Green is good except that his KH in the water is 3 so it will turn green at much lower CO2 levels. The higher the KH the more CO2 you have to pump into the water to get the checkers to turn green. 

And yes Mixing Water to reach a specific KH is a PITA. Thats why I do it a few gallons at a time. much easier to weigh out the proper amount of biocarb. otherwise you need a very accurate scale that reads .01 grams.


----------



## mistergreen (Dec 9, 2006)

Well, I took out my diy drop checker and it turned back to blue overnight.. So, it's working but it took a really long time.
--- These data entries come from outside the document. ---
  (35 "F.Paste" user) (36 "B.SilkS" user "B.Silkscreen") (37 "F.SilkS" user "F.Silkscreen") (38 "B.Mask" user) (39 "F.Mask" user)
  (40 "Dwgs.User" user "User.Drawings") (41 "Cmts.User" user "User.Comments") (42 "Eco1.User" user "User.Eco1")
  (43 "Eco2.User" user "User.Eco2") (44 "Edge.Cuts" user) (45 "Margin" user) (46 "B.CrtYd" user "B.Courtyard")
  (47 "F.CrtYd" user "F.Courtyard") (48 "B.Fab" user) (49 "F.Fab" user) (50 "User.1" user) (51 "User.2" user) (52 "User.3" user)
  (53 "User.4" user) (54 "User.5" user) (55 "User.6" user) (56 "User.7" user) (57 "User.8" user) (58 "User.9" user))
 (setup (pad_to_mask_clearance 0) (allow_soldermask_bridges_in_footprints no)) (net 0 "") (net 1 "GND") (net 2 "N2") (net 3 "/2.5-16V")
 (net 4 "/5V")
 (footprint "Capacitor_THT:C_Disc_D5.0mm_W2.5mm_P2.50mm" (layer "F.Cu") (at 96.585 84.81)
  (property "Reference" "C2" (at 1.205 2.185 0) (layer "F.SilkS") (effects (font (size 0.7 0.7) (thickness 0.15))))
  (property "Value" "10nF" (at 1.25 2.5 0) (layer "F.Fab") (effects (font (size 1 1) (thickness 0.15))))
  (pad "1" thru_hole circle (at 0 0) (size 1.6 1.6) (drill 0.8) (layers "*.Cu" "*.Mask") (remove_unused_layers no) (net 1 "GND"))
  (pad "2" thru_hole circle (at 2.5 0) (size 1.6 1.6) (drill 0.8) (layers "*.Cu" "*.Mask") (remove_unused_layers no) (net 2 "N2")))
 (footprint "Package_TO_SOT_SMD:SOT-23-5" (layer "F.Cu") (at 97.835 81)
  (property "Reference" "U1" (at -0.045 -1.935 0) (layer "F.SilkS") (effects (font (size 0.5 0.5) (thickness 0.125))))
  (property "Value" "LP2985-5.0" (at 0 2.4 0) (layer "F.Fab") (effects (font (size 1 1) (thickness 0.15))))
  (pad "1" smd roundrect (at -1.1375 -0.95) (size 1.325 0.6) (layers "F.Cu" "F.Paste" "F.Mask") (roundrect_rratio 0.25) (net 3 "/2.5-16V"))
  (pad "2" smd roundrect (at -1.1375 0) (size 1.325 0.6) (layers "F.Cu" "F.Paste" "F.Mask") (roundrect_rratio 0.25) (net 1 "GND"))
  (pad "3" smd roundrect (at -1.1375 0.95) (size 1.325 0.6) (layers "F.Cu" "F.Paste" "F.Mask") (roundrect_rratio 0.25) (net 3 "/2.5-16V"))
I guess to make a more responsive drop checker, just use a bigger diameter tube, a 1/2 inch, or even an inch.

Oh, and I just thought up of another way to make this too with no glue.
Just tie the tube to make look like a pretzel.


----------



## pairustwo (Feb 23, 2007)

So in all of the kh reference instructions I read that I should add the pH reagent to the "bulb" or in this case the tube separately after the reference solution.
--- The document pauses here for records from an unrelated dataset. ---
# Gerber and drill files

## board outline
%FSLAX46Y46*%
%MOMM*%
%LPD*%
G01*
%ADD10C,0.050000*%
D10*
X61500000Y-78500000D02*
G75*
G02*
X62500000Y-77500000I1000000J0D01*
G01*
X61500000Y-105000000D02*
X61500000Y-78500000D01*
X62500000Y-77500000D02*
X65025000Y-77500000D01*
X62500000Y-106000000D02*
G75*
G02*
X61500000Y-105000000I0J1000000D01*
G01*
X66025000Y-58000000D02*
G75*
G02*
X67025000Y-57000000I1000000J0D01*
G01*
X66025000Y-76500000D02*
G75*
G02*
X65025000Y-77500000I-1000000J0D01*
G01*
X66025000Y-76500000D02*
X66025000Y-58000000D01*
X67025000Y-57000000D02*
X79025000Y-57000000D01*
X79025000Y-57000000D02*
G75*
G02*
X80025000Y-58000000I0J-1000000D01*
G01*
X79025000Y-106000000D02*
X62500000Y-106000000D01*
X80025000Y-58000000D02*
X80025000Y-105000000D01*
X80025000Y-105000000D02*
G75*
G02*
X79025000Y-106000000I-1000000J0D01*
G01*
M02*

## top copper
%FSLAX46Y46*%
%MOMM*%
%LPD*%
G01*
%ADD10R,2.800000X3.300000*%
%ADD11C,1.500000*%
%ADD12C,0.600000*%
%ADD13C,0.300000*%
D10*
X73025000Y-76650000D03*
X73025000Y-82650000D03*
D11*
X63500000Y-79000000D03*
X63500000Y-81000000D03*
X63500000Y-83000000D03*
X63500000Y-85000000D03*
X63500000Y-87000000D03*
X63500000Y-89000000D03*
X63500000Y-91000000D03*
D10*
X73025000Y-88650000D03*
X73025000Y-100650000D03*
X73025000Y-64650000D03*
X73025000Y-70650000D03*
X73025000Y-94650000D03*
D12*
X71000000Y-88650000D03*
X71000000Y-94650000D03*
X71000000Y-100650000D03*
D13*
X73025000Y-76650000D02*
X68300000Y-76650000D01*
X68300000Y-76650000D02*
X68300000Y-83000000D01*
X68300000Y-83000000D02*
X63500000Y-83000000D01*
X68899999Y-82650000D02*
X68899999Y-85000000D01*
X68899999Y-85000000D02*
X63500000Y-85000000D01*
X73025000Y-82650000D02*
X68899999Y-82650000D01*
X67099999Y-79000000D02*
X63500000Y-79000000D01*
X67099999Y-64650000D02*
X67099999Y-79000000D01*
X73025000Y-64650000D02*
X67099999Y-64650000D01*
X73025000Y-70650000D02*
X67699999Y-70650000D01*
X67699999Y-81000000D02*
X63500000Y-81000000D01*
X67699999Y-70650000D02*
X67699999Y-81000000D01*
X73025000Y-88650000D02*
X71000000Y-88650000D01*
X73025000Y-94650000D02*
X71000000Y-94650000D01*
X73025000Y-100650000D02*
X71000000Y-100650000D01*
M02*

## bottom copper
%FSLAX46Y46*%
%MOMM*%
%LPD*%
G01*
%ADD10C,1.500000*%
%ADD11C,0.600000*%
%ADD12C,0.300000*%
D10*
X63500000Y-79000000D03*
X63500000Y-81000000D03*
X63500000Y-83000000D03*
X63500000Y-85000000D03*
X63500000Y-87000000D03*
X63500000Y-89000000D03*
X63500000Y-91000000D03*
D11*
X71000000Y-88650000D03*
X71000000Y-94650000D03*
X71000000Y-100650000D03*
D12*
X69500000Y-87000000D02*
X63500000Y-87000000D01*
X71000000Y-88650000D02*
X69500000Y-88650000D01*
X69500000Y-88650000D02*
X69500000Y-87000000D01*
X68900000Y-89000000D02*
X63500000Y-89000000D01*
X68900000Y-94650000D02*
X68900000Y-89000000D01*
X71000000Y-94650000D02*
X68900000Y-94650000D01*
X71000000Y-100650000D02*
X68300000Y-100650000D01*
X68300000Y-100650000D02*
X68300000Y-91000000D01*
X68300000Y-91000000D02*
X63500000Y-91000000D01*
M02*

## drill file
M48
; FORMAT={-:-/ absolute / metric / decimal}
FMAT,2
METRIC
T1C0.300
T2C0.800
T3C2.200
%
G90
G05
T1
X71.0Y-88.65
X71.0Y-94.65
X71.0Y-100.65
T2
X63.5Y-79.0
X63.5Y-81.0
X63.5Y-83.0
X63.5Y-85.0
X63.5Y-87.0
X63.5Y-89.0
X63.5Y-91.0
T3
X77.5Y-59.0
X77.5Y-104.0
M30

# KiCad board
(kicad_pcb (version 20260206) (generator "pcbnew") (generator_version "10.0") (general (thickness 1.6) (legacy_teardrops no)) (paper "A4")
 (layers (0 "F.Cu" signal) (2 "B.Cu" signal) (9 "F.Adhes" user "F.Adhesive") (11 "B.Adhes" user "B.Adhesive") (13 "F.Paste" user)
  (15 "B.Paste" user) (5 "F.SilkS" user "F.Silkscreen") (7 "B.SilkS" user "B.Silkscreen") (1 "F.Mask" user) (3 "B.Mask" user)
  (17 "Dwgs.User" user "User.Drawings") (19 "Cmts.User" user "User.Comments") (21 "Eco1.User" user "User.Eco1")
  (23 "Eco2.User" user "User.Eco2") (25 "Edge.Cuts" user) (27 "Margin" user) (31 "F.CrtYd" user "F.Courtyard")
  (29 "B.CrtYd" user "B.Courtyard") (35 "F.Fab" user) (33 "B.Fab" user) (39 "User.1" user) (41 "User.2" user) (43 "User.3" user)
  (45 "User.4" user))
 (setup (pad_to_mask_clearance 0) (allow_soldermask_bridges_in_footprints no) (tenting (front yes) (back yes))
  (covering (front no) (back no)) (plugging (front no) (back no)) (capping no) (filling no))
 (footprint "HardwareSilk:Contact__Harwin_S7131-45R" (layer "F.Cu") (at 73.025 76.65)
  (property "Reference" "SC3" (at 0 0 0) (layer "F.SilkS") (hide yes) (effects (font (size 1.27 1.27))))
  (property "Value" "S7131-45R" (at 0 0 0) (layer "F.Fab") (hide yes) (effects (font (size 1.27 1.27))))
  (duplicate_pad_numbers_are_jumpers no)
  (pad "1" smd rect (at 0 0) (size 2.8 3.3) (layers "F.Cu" "F.Mask" "F.Paste") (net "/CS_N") (thermal_bridge_angle 45)))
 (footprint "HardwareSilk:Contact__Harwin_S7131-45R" (layer "F.Cu") (at 73.025 82.65)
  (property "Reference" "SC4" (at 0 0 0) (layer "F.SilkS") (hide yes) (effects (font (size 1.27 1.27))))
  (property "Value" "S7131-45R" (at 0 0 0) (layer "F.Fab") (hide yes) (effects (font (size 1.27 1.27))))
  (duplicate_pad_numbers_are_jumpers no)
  (pad "1" smd rect (at 0 0) (size 2.8 3.3) (layers "F.Cu" "F.Mask" "F.Paste") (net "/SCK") (thermal_bridge_angle 45)))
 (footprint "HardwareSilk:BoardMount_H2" (layer "F.Cu") (at 77.5 104)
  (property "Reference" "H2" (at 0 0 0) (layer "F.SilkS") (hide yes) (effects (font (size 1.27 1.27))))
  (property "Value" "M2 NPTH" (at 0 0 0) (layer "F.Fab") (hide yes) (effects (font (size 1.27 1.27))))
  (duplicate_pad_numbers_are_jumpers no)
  (pad "" np_thru_hole circle (at 0 0) (size 2.2 2.2) (drill 2.2) (layers "*.Cu")))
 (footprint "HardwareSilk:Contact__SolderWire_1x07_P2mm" (layer "F.Cu") (at 63.5 79)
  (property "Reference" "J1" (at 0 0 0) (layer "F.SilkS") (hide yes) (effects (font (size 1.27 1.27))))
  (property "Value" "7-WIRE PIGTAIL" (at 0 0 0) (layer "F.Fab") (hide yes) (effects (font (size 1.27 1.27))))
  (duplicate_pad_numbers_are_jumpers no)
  (pad "1" thru_hole circle (at 0 0) (size 1.5 1.5) (drill 0.8) (layers "*.Cu") (remove_unused_layers no) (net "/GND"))
  (pad "2" thru_hole circle (at 0 2) (size 1.5 1.5) (drill 0.8) (layers "*.Cu") (remove_unused_layers no) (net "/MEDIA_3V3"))
  (pad "3" thru_hole circle (at 0 4) (size 1.5 1.5) (drill 0.8) (layers "*.Cu") (remove_unused_layers no) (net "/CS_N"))
  (pad "4" thru_hole circle (at 0 6) (size 1.5 1.5) (drill 0.8) (layers "*.Cu") (remove_unused_layers no) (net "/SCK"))
  (pad "5" thru_hole circle (at 0 8) (size 1.5 1.5) (drill 0.8) (layers "*.Cu") (remove_unused_layers no) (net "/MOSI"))
  (pad "6" thru_hole circle (at 0 10) (size 1.5 1.5) (drill 0.8) (layers "*.Cu") (remove_unused_layers no) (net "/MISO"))
  (pad "7" thru_hole circle (at 0 12) (size 1.5 1.5) (drill 0.8) (layers "*.Cu") (remove_unused_layers no) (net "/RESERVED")))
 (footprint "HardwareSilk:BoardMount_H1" (layer "F.Cu") (at 77.5 59)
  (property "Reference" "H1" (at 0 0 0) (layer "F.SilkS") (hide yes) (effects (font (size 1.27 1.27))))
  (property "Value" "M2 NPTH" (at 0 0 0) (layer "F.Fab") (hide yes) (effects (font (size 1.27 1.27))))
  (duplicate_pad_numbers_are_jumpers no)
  (pad "" np_thru_hole circle (at 0 0) (size 2.2 2.2) (drill 2.2) (layers "*.Cu")))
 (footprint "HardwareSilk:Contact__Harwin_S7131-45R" (layer "F.Cu") (at 73.025 88.65)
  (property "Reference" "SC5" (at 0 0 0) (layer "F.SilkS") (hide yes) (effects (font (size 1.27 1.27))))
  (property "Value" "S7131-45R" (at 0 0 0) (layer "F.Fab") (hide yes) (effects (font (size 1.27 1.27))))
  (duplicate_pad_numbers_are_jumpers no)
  (pad "1" smd rect (at 0 0) (size 2.8 3.3) (layers "F.Cu" "F.Mask" "F.Paste") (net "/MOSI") (thermal_bridge_angle 45)))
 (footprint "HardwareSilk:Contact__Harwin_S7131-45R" (layer "F.Cu") (at 73.025 100.65)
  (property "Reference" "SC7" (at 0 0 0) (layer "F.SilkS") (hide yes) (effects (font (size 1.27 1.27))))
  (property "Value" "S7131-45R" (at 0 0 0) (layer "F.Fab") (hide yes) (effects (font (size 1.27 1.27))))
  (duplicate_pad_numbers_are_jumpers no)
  (pad "1" smd rect (at 0 0) (size 2.8 3.3) (layers "F.Cu" "F.Mask" "F.Paste") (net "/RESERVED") (thermal_bridge_angle 45)))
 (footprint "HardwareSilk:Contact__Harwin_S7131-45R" (layer "F.Cu") (at 73.025 64.65)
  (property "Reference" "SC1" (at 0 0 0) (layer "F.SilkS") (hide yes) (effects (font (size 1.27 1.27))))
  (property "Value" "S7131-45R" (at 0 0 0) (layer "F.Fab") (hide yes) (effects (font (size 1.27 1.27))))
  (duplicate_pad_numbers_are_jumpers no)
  (pad "1" smd rect (at 0 0) (size 2.8 3.3) (layers "F.Cu" "F.Mask" "F.Paste") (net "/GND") (thermal_bridge_angle 45)))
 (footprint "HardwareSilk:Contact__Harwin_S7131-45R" (layer "F.Cu") (at 73.025 70.65)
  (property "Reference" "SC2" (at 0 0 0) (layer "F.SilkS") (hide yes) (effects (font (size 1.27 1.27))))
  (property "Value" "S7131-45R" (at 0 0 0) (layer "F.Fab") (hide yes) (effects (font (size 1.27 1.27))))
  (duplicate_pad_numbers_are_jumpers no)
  (pad "1" smd rect (at 0 0) (size 2.8 3.3) (layers "F.Cu" "F.Mask" "F.Paste") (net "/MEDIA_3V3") (thermal_bridge_angle 45)))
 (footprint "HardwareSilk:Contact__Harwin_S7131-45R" (layer "F.Cu") (at 73.025 94.65)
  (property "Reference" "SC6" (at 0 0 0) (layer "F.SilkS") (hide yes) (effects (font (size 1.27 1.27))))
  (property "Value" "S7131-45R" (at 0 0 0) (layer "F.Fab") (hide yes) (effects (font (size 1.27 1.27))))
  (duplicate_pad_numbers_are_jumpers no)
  (pad "1" smd rect (at 0 0) (size 2.8 3.3) (layers "F.Cu" "F.Mask" "F.Paste") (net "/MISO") (thermal_bridge_angle 45)))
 (gr_arc (start 61.5 78.5) (mid 61.792893 77.792893) (end 62.5 77.5) (stroke (width 0.05) (type default)) (layer "Edge.Cuts"))
 (gr_line (start 61.5 105) (end 61.5 78.5) (stroke (width 0.05) (type default)) (layer "Edge.Cuts"))
 (gr_line (start 62.5 77.5) (end 65.025 77.5) (stroke (width 0.05) (type default)) (layer "Edge.Cuts"))
 (gr_arc (start 62.5 106) (mid 61.792893 105.707106) (end 61.5 105) (stroke (width 0.05) (type default)) (layer "Edge.Cuts"))
 (gr_arc (start 66.025 58) (mid 66.317893 57.292893) (end 67.025 57) (stroke (width 0.05) (type default)) (layer "Edge.Cuts"))
 (gr_arc (start 66.025 76.5) (mid 65.732107 77.207107) (end 65.025 77.5) (stroke (width 0.05) (type default)) (layer "Edge.Cuts"))
 (gr_line (start 66.025 76.5) (end 66.025 58) (stroke (width 0.05) (type default)) (layer "Edge.Cuts"))
 (gr_line (start 67.025 57) (end 79.025 57) (stroke (width 0.05) (type default)) (layer "Edge.Cuts"))
 (gr_arc (start 79.025 57) (mid 79.732106 57.292893) (end 80.025 58) (stroke (width 0.05) (type default)) (layer "Edge.Cuts"))
 (gr_line (start 79.025 106) (end 62.5 106) (stroke (width 0.05) (type default)) (layer "Edge.Cuts"))
 (gr_line (start 80.025 58) (end 80.025 105) (stroke (width 0.05) (type default)) (layer "Edge.Cuts"))
 (gr_arc (start 80.025 105) (mid 79.732106 105.707106) (end 79.025 106) (stroke (width 0.05) (type default)) (layer "Edge.Cuts"))
 (segment (start 73.025 76.65) (end 68.3 76.65) (width 0.3) (layer "F.Cu") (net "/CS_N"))
 (segment (start 68.3 76.65) (end 68.3 83) (width 0.3) (layer "F.Cu") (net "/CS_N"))
 (segment (start 68.3 83) (end 63.5 83) (width 0.3) (layer "F.Cu") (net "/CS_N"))
 (segment (start 68.899999 82.65) (end 68.899999 85) (width 0.3) (layer "F.Cu") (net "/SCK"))
 (segment (start 68.899999 85) (end 63.5 85) (width 0.3) (layer "F.Cu") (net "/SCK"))
 (segment (start 73.025 82.65) (end 68.899999 82.65) (width 0.3) (layer "F.Cu") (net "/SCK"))
 (segment (start 67.099999 79) (end 63.5 79) (width 0.3) (layer "F.Cu") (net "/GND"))
 (segment (start 67.099999 64.65) (end 67.099999 79) (width 0.3) (layer "F.Cu") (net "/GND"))
 (segment (start 73.025 64.65) (end 67.099999 64.65) (width 0.3) (layer "F.Cu") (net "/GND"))
 (segment (start 73.025 70.65) (end 67.699999 70.65) (width 0.3) (layer "F.Cu") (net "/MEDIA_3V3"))
 (segment (start 67.699999 81) (end 63.5 81) (width 0.3) (layer "F.Cu") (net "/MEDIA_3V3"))
 (segment (start 67.699999 70.65) (end 67.699999 81) (width 0.3) (layer "F.Cu") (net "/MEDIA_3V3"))
 (segment (start 73.025 88.65) (end 71 88.65) (width 0.3) (layer "F.Cu") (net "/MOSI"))
 (via (at 71 88.65) (size 0.6) (drill 0.3) (layers "F.Cu" "B.Cu") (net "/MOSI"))
 (segment (start 69.5 87) (end 63.5 87) (width 0.3) (layer "B.Cu") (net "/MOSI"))
 (segment (start 71 88.65) (end 69.5 88.65) (width 0.3) (layer "B.Cu") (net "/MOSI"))
 (segment (start 69.5 88.65) (end 69.5 87) (width 0.3) (layer "B.Cu") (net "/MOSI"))
 (segment (start 73.025 94.65) (end 71 94.65) (width 0.3) (layer "F.Cu") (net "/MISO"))
 (via (at 71 94.65) (size 0.6) (drill 0.3) (layers "F.Cu" "B.Cu") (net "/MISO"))
 (segment (start 68.9 89) (end 63.5 89) (width 0.3) (layer "B.Cu") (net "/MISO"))
 (segment (start 68.9 94.65) (end 68.9 89) (width 0.3) (layer "B.Cu") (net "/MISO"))
 (segment (start 71 94.65) (end 68.9 94.65) (width 0.3) (layer "B.Cu") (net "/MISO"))
 (segment (start 73.025 100.65) (end 71 100.65) (width 0.3) (layer "F.Cu") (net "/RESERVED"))
 (via (at 71 100.65) (size 0.6) (drill 0.3) (layers "F.Cu" "B.Cu") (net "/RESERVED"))
 (segment (start 71 100.65) (end 68.3 100.65) (width 0.3) (layer "B.Cu") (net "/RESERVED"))
 (segment (start 68.3 100.65) (end 68.3 91) (width 0.3) (layer "B.Cu") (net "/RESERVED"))
 (segment (start 68.3 91) (end 63.5 91) (width 0.3) (layer "B.Cu") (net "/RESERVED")))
I wasn't able to do this in the small tube so I added the pH reagent to the kh solution to get a nice deep blue color and then added it to the tube. 
Dose anyone think that this makes a difference? Is this how everyone here has done it?

I ask because I'm not sure if mine is working.

Pairustwo


----------



## mistergreen (Dec 9, 2006)

I think it doesn't matter. This tube thing works but it takes half a day to give you a correct reading.


----------



## Aquapari (Oct 11, 2012)

this is brilliant;;;;;
wow, i couldn't think like this way ever...;;; -_-;;;;
wow cool, great, awesome, genius;;


----------